## [INSTRUCTIONS TO FOLLOW]
Could you reproduce the lines below from the one with "X176476190Y-96709580D02*" through the one with "X175221905Y-98799819D02*"? Keep both ends and add nothing.

(Collected data entries)

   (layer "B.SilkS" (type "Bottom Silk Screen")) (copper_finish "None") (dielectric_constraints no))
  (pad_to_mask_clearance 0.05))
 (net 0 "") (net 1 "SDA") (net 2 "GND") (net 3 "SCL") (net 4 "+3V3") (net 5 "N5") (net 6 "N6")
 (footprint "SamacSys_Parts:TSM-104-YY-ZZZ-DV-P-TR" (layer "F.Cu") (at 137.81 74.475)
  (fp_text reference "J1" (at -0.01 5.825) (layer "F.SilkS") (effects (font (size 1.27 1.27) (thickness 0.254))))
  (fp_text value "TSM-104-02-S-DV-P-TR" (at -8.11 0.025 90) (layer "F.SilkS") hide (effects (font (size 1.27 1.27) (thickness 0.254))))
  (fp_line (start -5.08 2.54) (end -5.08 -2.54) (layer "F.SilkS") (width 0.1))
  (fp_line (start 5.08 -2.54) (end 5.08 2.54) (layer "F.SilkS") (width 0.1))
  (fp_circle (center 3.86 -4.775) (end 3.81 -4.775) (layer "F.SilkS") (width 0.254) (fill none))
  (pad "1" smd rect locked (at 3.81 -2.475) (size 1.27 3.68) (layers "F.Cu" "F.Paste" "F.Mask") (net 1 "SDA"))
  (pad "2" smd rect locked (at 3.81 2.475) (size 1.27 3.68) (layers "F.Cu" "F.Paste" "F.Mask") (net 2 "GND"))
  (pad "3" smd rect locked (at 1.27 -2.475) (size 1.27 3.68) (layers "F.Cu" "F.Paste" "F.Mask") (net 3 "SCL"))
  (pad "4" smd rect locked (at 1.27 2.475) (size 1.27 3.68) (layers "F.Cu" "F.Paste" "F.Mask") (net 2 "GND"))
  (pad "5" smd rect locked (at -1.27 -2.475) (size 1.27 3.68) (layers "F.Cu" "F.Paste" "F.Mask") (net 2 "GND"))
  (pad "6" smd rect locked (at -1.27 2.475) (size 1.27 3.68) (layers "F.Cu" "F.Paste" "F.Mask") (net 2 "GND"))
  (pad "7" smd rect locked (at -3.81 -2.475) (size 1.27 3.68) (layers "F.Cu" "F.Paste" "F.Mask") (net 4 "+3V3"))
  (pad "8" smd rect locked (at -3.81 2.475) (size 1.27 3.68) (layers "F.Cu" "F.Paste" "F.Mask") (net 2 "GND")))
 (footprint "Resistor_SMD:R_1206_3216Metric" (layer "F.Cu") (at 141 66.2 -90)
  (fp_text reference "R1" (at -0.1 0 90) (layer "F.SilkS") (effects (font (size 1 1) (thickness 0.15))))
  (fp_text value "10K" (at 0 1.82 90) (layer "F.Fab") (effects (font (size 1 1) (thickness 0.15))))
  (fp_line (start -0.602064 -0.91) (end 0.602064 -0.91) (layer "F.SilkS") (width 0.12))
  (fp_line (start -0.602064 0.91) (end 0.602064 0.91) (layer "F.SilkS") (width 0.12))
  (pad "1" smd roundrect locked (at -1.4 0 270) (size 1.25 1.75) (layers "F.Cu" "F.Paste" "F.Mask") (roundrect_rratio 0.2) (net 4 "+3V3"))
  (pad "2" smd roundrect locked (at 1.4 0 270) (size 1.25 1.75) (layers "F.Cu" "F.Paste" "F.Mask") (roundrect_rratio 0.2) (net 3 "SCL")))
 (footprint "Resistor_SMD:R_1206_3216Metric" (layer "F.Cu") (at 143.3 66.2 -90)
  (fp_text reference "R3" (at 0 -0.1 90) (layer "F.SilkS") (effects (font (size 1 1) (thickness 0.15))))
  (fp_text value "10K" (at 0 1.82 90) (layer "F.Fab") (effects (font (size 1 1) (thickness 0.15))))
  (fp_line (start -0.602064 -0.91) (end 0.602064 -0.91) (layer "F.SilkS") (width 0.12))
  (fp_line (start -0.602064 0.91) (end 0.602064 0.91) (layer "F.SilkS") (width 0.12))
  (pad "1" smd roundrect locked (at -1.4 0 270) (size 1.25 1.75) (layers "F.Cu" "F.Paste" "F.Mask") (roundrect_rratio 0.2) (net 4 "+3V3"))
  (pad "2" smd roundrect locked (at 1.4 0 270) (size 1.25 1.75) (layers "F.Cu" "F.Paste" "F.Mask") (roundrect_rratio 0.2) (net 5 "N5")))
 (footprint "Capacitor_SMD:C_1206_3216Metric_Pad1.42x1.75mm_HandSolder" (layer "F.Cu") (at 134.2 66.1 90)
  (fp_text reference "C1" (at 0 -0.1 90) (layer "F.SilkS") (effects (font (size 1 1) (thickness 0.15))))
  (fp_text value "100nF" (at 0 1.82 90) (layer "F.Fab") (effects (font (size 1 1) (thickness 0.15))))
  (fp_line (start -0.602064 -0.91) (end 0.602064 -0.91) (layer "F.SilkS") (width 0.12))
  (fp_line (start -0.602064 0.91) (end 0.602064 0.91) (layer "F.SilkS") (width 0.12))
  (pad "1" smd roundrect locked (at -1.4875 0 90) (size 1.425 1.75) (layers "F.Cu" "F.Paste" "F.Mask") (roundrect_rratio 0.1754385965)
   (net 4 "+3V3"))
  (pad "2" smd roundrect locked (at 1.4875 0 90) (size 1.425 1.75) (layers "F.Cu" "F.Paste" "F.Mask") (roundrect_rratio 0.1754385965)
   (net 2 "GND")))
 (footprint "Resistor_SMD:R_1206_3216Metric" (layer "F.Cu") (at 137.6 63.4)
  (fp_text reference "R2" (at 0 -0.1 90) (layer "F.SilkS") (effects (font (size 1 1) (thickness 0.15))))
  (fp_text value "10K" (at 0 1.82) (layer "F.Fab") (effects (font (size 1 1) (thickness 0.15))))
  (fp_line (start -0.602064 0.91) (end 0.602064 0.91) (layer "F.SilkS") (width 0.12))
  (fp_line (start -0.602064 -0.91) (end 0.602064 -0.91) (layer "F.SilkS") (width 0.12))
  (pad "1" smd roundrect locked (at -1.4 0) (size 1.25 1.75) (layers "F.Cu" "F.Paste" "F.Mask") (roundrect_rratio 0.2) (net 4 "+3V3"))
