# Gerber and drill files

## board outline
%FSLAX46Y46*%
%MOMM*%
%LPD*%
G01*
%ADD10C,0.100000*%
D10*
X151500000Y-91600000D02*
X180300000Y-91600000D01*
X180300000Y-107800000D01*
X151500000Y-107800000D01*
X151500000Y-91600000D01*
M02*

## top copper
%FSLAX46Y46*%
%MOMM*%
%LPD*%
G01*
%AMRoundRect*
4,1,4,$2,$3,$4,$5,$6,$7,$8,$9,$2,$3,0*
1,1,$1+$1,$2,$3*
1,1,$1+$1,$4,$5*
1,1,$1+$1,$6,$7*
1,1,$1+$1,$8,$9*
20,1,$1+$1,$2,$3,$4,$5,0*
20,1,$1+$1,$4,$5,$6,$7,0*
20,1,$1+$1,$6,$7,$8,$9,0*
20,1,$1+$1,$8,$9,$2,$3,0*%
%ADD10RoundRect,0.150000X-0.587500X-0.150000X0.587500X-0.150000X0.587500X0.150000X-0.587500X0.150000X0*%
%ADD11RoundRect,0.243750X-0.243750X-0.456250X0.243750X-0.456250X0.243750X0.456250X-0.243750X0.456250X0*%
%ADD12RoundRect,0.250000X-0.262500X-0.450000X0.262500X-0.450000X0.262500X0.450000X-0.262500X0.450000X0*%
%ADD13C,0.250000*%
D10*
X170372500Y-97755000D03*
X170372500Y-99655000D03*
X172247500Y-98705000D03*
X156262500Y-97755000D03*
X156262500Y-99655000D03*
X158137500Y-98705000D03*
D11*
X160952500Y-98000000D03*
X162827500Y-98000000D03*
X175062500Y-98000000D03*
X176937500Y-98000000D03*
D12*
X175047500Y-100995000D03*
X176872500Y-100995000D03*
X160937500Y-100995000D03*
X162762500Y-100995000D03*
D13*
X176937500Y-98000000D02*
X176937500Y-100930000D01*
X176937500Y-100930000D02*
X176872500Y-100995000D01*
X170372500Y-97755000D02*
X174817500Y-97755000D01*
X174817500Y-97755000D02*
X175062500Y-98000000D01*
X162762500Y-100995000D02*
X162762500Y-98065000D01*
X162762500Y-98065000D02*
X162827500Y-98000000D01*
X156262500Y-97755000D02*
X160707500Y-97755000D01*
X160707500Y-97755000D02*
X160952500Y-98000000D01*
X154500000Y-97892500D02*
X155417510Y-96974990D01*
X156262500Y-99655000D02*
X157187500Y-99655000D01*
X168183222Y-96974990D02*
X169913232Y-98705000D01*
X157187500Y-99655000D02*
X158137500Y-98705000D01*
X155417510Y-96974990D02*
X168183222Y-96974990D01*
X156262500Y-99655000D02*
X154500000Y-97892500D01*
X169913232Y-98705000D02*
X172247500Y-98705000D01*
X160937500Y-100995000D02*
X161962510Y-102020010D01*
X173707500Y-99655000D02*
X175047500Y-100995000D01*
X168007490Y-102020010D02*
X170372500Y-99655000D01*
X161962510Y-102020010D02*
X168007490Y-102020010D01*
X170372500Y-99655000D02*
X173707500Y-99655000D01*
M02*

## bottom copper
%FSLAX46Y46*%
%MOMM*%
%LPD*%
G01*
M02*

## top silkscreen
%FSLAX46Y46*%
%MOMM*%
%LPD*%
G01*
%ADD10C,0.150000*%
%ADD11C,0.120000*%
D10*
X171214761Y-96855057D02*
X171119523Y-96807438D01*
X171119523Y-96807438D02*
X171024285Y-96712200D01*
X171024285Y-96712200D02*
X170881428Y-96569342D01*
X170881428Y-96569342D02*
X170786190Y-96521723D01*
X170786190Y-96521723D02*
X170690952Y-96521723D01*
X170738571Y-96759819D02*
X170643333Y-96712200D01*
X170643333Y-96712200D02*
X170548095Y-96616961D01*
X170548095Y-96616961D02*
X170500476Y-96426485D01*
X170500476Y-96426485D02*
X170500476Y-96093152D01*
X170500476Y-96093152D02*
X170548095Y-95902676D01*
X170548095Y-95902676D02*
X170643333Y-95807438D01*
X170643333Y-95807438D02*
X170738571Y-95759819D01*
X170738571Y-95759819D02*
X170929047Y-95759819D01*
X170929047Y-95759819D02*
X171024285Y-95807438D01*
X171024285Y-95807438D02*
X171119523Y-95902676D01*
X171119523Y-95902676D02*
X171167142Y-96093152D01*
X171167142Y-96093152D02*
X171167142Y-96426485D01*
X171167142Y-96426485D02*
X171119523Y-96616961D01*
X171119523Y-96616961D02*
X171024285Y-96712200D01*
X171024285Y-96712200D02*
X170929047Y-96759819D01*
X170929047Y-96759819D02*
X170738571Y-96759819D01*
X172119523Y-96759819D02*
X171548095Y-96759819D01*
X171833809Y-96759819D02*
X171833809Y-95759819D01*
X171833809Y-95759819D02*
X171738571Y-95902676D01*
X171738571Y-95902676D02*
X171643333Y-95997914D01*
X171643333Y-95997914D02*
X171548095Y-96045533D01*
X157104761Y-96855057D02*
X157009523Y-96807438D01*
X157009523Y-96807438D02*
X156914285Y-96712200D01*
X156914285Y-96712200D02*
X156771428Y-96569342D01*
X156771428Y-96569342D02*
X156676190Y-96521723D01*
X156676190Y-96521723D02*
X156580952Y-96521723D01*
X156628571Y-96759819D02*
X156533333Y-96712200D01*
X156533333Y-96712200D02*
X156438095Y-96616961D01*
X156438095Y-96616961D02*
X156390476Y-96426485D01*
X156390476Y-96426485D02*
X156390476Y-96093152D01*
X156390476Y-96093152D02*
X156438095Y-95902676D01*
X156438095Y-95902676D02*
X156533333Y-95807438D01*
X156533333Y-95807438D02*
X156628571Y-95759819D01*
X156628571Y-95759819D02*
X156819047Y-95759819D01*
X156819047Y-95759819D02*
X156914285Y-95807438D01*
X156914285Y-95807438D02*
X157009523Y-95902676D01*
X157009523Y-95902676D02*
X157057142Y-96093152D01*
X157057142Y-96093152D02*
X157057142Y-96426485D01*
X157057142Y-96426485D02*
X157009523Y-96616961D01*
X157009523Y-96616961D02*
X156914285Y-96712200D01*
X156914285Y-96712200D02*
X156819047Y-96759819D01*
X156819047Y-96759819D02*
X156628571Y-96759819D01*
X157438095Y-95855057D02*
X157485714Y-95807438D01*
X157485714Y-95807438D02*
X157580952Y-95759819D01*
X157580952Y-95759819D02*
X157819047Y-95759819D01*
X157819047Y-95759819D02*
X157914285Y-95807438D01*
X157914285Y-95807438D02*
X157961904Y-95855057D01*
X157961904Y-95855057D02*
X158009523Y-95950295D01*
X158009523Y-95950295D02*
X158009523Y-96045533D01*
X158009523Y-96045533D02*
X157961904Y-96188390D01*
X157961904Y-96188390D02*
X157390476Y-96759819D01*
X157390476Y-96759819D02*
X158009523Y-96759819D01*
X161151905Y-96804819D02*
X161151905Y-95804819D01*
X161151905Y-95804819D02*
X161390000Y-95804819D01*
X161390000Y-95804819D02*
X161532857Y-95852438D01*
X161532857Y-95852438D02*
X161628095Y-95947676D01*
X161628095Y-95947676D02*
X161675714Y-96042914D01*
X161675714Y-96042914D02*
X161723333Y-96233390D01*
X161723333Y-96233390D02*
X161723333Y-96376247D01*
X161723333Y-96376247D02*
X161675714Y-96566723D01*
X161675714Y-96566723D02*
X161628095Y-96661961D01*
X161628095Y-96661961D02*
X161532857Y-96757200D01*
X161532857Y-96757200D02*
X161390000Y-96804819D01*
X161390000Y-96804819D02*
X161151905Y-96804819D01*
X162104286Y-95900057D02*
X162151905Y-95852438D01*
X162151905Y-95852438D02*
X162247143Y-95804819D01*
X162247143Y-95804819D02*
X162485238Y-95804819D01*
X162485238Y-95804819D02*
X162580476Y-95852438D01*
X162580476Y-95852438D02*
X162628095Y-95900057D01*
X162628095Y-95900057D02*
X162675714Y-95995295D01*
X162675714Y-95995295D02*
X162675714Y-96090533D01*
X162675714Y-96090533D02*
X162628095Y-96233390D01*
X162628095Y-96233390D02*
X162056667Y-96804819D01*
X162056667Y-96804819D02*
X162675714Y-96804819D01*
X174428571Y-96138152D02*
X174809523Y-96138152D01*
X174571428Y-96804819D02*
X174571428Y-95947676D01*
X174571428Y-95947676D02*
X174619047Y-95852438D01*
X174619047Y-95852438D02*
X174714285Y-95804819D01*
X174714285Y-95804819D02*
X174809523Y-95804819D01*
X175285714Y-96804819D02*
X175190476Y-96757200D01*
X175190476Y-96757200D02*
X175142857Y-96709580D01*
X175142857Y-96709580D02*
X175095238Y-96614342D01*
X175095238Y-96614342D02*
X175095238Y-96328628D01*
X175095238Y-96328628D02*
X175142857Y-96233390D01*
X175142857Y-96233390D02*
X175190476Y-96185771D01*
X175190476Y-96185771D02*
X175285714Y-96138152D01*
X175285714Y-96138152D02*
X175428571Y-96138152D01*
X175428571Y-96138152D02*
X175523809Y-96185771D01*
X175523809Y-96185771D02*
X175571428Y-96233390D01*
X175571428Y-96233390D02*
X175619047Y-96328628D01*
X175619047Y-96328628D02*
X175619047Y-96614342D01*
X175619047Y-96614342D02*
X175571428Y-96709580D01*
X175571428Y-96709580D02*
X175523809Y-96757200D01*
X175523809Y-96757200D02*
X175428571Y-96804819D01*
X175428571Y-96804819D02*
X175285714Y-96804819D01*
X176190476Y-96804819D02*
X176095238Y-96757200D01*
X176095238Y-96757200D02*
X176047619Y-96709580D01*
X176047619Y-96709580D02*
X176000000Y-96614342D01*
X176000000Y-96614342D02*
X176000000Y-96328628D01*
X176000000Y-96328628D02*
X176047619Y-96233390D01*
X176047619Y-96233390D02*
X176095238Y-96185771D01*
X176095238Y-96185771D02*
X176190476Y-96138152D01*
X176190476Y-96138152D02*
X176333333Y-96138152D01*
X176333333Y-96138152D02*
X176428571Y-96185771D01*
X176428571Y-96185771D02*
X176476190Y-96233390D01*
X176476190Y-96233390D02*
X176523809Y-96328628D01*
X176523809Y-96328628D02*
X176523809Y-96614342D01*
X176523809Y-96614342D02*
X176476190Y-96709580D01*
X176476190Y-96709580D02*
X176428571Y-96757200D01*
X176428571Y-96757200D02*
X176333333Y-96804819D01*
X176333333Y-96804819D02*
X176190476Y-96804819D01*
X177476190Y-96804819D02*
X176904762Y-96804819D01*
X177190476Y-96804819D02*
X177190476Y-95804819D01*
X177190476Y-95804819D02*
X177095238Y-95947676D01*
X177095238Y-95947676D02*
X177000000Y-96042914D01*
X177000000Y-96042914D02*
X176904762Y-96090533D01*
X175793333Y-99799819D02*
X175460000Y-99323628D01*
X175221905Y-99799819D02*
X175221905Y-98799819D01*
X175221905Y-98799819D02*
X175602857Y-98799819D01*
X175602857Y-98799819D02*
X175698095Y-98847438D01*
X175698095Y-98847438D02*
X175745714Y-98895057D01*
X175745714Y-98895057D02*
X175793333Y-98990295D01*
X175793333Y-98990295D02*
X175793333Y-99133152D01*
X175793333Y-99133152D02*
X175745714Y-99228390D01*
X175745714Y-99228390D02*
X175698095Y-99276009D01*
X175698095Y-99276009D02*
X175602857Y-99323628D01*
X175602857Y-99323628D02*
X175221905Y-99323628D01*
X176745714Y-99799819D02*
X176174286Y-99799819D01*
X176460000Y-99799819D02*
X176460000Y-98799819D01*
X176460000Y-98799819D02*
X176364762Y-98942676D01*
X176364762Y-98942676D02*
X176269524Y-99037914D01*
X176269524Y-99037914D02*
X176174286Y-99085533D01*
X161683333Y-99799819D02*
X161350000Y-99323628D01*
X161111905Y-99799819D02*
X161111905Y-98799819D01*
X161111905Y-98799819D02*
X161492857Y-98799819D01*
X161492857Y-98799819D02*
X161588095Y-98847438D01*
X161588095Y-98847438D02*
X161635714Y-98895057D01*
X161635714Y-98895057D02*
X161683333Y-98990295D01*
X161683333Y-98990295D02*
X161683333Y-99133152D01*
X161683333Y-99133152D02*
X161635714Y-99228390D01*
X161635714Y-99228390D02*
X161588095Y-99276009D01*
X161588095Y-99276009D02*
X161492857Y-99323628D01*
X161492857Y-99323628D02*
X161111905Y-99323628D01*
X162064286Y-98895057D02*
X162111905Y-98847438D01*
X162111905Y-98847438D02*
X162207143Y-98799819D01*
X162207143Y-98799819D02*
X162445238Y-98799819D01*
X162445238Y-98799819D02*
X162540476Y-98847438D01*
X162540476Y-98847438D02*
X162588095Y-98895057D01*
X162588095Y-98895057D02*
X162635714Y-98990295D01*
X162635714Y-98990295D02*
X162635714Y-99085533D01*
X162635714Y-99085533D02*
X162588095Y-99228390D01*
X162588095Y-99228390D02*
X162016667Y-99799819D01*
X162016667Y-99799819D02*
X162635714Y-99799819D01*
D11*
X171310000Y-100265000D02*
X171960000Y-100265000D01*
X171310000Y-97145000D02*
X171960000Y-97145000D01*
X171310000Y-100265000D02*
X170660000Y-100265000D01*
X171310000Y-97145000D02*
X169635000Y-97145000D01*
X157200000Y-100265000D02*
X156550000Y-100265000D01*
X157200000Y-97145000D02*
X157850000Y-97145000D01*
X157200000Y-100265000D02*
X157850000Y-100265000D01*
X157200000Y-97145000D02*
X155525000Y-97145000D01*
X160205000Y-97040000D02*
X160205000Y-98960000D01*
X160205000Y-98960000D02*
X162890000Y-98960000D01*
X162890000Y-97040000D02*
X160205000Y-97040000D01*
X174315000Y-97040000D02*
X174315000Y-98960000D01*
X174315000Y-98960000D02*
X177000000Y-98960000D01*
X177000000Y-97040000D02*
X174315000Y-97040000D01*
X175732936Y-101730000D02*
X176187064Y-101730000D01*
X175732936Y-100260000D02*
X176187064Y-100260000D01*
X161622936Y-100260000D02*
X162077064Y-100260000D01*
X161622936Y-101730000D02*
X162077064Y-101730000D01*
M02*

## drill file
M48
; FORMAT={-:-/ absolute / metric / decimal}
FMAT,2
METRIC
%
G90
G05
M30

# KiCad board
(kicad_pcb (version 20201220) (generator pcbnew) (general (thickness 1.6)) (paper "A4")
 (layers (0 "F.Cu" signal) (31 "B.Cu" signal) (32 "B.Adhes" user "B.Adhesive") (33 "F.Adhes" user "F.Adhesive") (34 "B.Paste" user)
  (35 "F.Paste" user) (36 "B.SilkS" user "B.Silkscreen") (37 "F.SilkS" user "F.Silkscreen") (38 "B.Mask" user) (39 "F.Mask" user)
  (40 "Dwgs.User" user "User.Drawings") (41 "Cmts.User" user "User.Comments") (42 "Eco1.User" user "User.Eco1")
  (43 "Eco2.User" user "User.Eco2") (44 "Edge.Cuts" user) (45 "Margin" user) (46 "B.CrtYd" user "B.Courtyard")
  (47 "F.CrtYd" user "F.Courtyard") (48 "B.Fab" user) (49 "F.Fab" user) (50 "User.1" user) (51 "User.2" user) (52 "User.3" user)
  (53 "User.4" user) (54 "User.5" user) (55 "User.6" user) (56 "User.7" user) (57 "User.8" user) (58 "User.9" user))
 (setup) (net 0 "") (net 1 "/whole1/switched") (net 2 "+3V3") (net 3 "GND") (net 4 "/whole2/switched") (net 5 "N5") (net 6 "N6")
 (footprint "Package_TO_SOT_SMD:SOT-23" (layer "F.Cu") (at 171.31 98.705)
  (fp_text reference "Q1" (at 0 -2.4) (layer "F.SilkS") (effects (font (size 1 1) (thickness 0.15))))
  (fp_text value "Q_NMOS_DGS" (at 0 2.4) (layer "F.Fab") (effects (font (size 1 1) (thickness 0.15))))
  (fp_line (start 0 1.56) (end 0.65 1.56) (layer "F.SilkS") (width 0.12))
  (fp_line (start 0 -1.56) (end 0.65 -1.56) (layer "F.SilkS") (width 0.12))
  (fp_line (start 0 1.56) (end -0.65 1.56) (layer "F.SilkS") (width 0.12))
  (fp_line (start 0 -1.56) (end -1.675 -1.56) (layer "F.SilkS") (width 0.12))
  (pad "1" smd roundrect (at -0.9375 -0.95) (size 1.475 0.6) (layers "F.Cu" "F.Paste" "F.Mask") (roundrect_rratio 0.25)
   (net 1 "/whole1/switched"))
  (pad "2" smd roundrect (at -0.9375 0.95) (size 1.475 0.6) (layers "F.Cu" "F.Paste" "F.Mask") (roundrect_rratio 0.25) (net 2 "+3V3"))
  (pad "3" smd roundrect (at 0.9375 0) (size 1.475 0.6) (layers "F.Cu" "F.Paste" "F.Mask") (roundrect_rratio 0.25) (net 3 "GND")))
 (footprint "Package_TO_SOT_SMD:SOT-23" (layer "F.Cu") (at 157.2 98.705)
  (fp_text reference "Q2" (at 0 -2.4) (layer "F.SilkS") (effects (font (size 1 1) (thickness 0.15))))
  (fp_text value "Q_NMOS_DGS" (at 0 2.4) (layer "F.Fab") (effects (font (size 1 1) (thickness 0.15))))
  (fp_line (start 0 1.56) (end -0.65 1.56) (layer "F.SilkS") (width 0.12))
  (fp_line (start 0 -1.56) (end 0.65 -1.56) (layer "F.SilkS") (width 0.12))
  (fp_line (start 0 1.56) (end 0.65 1.56) (layer "F.SilkS") (width 0.12))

## [ANSWER TO THE PROBLEM]
X176476190Y-96709580D02*
X176428571Y-96757200D01*
X176428571Y-96757200D02*
X176333333Y-96804819D01*
X176333333Y-96804819D02*
X176190476Y-96804819D01*
X177476190Y-96804819D02*
X176904762Y-96804819D01*
X177190476Y-96804819D02*
X177190476Y-95804819D01*
X177190476Y-95804819D02*
X177095238Y-95947676D01*
X177095238Y-95947676D02*
X177000000Y-96042914D01*
X177000000Y-96042914D02*
X176904762Y-96090533D01*
X175793333Y-99799819D02*
X175460000Y-99323628D01*
X175221905Y-99799819D02*
X175221905Y-98799819D01*
X175221905Y-98799819D02*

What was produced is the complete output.